Wood and wood waste are used to generate electricity. Much of the electricity is used by the industries making the waste; it is not distributed by utilities, it is a process called cogeneration. Paper mills and saw mills use much of their waste products to generate steam and electricity for their use.
However, since they use so much energy, they need to buy additional electricity from utilities.
Solid Waste
Burning trash turns waste into a usable form of energy. One ton (2,000 pounds) of garbage contains about as much heat energy as 500 pounds of coal. Garbage is not all biomass; perhaps half of its energy content comes from plastics, which are made from petroleum and natural gas.
Power plants that burn garbage for energy are called waste-to-energy plants. These plants generate electricity much as coal-fired plants do, except that combustible garbage—not coal—is the fuel used to fire their boilers.
Landfill and Biogas
Bacteria and fungi are not picky eaters. They eat dead plants and animals, causing them to rot or decay. A fungus on a rotting log is converting cellulose to sugars to feed itself. Although this process is slowed in a landfill, a substance called methane gas is still produced as the waste decays.
New regulations require landfills to collect methane gas for safety and environmental reasons. Methane gas is colorless and odorless, but it is not harmless. The gas can cause fires or explosions if it seeps into nearby homes and is ignited.
Landfills can collect the methane gas, purify it, and use it as fuel. Methane can also be produced using energy from agricultural and human wastes. Biogas digesters are airtight containers or pits lined with steel or bricks.
Waste put into the containers is fermented without oxygen to produce a methane-rich gas. This gas can be used to produce electricity, or for cooking and lighting.
Ethanol
Ethanol is an alcohol fuel (ethyl alcohol) made by fermenting the sugars and starches found in plants and then distilling them. Any organic material containing cellulose, starch, or sugar can be made into ethanol. The majority of the ethanol produced in the United States comes from corn.
New technologies are producing ethanol from cellulose in woody fibers from trees, grasses, and crop residues. Today nearly all of the gasoline sold in the U.S. contains around 10 percent ethanol and is known as E10.
In 2011, the U.S. Environmental Protection Agency (EPA) approved the introduction of E15 (15 percent ethanol, 85 percent gasoline) for use in passenger vehicles from model year 2001 and newer.
Fuel containing 85 percent ethanol and 15 percent gasoline (E85) qualifies as an alternative fuel. There are more than 10 million flexible fuel vehicles (FFV) on the road that can run efficiently on E85 or E10. However, just under 10 percent of these vehicles use E85 regularly.
Biodiesel
Biodiesel is a fuel made by chemically reacting alcohol with vegetable oils, animal fats, or greases, such as recycled restaurant grease. Most biodiesel today is made from soybean oil. Biodiesel is most often blended with petroleum diesel in ratios of two percent (B2), five percent (B5), or 20 percent (B20).

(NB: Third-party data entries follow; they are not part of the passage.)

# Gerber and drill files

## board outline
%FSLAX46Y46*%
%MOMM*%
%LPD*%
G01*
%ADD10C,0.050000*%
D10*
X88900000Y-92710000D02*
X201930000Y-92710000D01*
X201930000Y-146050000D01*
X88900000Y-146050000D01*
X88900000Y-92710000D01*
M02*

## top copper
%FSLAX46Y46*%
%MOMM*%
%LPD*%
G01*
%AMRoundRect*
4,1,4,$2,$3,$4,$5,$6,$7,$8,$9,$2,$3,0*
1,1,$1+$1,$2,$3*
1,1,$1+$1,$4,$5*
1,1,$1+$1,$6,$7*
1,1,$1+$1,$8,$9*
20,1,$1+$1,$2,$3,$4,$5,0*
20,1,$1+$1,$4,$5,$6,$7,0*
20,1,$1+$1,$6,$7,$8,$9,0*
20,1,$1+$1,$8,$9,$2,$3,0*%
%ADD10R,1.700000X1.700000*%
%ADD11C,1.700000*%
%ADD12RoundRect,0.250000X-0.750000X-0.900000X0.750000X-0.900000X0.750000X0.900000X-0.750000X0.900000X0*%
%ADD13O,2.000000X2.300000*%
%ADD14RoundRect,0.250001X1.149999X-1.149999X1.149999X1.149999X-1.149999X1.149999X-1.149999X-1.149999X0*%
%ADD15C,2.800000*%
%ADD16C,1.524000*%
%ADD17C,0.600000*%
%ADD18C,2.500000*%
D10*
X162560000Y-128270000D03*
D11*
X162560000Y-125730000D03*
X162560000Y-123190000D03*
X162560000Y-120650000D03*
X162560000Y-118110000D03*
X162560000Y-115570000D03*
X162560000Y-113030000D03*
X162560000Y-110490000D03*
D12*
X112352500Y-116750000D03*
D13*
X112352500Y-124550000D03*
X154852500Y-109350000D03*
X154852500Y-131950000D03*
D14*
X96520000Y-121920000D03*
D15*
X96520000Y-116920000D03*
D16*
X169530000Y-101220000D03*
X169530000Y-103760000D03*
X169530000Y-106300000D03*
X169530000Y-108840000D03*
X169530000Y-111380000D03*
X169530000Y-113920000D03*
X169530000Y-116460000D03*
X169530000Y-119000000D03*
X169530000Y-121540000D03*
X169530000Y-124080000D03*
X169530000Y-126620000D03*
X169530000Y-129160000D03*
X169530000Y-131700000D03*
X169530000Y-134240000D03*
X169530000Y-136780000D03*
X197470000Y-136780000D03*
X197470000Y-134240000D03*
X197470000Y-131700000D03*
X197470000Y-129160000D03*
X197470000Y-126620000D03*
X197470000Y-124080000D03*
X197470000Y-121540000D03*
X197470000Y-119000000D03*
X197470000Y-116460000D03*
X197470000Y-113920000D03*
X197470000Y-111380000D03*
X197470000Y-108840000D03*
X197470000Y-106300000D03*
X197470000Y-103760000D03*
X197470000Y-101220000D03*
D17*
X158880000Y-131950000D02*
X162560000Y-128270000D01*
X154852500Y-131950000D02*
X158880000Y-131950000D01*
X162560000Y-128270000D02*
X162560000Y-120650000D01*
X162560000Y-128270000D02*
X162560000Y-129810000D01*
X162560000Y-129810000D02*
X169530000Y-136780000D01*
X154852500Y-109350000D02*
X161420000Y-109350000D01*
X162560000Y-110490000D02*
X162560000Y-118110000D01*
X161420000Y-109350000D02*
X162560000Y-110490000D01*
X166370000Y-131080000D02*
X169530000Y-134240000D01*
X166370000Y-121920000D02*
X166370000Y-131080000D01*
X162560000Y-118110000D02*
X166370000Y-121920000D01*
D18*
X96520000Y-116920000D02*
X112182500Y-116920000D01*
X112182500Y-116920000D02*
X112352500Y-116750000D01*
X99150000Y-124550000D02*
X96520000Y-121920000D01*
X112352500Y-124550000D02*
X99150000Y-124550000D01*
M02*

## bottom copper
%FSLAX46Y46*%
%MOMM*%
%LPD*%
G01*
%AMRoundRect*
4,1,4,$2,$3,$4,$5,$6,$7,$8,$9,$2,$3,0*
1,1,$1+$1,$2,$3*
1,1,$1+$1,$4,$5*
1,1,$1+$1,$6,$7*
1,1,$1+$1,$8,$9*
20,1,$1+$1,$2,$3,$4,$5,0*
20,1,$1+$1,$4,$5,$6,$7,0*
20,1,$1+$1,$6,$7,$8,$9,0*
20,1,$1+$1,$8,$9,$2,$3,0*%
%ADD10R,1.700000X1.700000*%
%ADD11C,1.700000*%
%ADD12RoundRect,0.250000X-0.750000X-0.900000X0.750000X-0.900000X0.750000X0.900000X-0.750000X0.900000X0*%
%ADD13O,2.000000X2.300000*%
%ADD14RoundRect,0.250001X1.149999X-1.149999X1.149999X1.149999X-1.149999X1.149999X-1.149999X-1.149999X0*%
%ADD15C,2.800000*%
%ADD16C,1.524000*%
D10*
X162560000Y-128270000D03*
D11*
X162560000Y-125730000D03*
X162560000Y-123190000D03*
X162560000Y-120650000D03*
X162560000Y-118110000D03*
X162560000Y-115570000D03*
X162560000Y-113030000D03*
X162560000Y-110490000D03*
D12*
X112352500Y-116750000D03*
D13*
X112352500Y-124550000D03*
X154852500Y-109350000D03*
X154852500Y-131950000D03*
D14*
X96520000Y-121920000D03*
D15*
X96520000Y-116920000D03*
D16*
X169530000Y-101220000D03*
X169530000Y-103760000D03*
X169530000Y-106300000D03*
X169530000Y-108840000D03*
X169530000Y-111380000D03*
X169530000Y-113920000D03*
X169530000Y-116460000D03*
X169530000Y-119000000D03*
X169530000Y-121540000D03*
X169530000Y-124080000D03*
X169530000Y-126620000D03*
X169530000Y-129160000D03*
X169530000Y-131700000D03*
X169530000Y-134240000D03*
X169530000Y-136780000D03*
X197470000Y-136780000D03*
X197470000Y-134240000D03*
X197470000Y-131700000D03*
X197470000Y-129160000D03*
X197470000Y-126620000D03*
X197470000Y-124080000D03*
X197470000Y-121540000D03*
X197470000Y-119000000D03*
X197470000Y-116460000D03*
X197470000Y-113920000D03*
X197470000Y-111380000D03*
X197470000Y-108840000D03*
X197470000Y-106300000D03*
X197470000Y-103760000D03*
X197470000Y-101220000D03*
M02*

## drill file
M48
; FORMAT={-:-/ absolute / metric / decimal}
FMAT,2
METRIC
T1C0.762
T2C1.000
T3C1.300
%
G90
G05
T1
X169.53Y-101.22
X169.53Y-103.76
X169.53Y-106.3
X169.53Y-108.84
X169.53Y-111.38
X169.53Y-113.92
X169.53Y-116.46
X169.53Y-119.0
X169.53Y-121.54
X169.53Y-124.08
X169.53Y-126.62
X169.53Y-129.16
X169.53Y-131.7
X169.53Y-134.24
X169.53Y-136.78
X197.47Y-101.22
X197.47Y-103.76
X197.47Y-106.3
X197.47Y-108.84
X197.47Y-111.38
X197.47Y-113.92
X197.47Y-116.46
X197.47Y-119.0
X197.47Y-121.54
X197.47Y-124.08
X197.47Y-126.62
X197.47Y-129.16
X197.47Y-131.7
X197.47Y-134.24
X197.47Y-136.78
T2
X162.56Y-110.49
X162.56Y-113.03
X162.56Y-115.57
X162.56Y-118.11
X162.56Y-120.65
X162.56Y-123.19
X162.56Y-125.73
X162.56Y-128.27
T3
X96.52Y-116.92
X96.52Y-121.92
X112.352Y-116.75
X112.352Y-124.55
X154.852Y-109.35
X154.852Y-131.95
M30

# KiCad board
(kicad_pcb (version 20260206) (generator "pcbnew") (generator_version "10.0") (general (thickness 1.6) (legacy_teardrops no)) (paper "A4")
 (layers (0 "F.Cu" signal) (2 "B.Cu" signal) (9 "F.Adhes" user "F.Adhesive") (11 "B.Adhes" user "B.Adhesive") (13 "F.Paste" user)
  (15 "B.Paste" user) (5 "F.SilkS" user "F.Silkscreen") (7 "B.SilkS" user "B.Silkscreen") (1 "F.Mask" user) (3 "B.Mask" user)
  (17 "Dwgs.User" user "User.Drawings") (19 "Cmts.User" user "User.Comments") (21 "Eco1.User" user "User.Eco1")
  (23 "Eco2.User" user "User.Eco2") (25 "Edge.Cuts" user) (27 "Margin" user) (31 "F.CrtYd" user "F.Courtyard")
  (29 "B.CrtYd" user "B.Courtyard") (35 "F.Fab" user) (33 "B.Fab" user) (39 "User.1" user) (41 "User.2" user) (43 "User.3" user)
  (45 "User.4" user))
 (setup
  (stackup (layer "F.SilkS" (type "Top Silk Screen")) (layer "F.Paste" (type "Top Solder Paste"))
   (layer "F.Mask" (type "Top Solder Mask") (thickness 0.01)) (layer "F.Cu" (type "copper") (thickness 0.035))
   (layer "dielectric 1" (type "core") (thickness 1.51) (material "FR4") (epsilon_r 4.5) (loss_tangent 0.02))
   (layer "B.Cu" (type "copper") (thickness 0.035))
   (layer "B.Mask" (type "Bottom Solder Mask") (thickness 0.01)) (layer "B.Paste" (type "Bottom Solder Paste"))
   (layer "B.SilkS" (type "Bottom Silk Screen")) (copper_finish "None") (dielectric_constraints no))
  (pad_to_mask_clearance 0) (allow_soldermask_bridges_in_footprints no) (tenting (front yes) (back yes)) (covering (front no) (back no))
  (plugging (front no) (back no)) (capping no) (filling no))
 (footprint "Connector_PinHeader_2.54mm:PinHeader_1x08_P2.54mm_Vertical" (layer "F.Cu") (at 162.56 128.27 180)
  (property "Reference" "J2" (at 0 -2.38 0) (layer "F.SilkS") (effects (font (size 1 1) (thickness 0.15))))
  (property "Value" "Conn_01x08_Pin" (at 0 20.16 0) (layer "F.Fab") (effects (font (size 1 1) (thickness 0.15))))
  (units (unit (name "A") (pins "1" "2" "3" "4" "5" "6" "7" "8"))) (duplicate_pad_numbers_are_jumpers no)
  (pad "1" thru_hole rect (at 0 0 180) (size 1.7 1.7) (drill 1) (layers "*.Cu" "*.Mask") (remove_unused_layers no) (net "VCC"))
  (pad "2" thru_hole circle (at 0 2.54 180) (size 1.7 1.7) (drill 1) (layers "*.Cu" "*.Mask") (remove_unused_layers no) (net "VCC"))
  (pad "3" thru_hole circle (at 0 5.08 180) (size 1.7 1.7) (drill 1) (layers "*.Cu" "*.Mask") (remove_unused_layers no) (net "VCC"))
  (pad "4" thru_hole circle (at 0 7.62 180) (size 1.7 1.7) (drill 1) (layers "*.Cu" "*.Mask") (remove_unused_layers no) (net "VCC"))
  (pad "5" thru_hole circle (at 0 10.16 180) (size 1.7 1.7) (drill 1) (layers "*.Cu" "*.Mask") (remove_unused_layers no) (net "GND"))
  (pad "6" thru_hole circle (at 0 12.7 180) (size 1.7 1.7) (drill 1) (layers "*.Cu" "*.Mask") (remove_unused_layers no) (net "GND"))
  (pad "7" thru_hole circle (at 0 15.24 180) (size 1.7 1.7) (drill 1) (layers "*.Cu" "*.Mask") (remove_unused_layers no) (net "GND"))
  (pad "8" thru_hole circle (at 0 17.78 180) (size 1.7 1.7) (drill 1) (layers "*.Cu" "*.Mask") (remove_unused_layers no) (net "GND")))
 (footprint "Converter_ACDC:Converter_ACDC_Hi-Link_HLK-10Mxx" (layer "F.Cu") (at 112.3525 116.75)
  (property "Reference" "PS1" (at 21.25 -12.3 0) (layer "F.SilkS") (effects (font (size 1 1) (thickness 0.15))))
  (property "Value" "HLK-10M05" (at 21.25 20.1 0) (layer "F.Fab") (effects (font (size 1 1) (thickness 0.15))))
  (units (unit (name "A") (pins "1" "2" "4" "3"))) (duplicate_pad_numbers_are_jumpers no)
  (pad "1" thru_hole roundrect (at 0 0) (size 2 2.3) (drill 1.3) (layers "*.Cu" "*.Mask") (remove_unused_layers no) (roundrect_rratio 0.125)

It can also be used as neat (pure) biodiesel (B100). Biodiesel fuels are compatible with and can be used in unmodified diesel engines with the existing fueling infrastructure.
It is one of the fastest growing transportation fuels in the U.S. Biodiesel contains virtually no sulfur, so it can reduce sulfur levels in the nation’s diesel fuel supply, even compared with today’s low sulfur fuels.
While removing sulfur from petroleum-based diesel results in poor lubrication, biodiesel is a superior lubricant and can reduce the friction of diesel fuel in blends of only one or two percent. This is an important characteristic because the Environmental Protection Agency now requires that sulfur levels in diesel fuel be 97 percent lower than they were prior to 2006.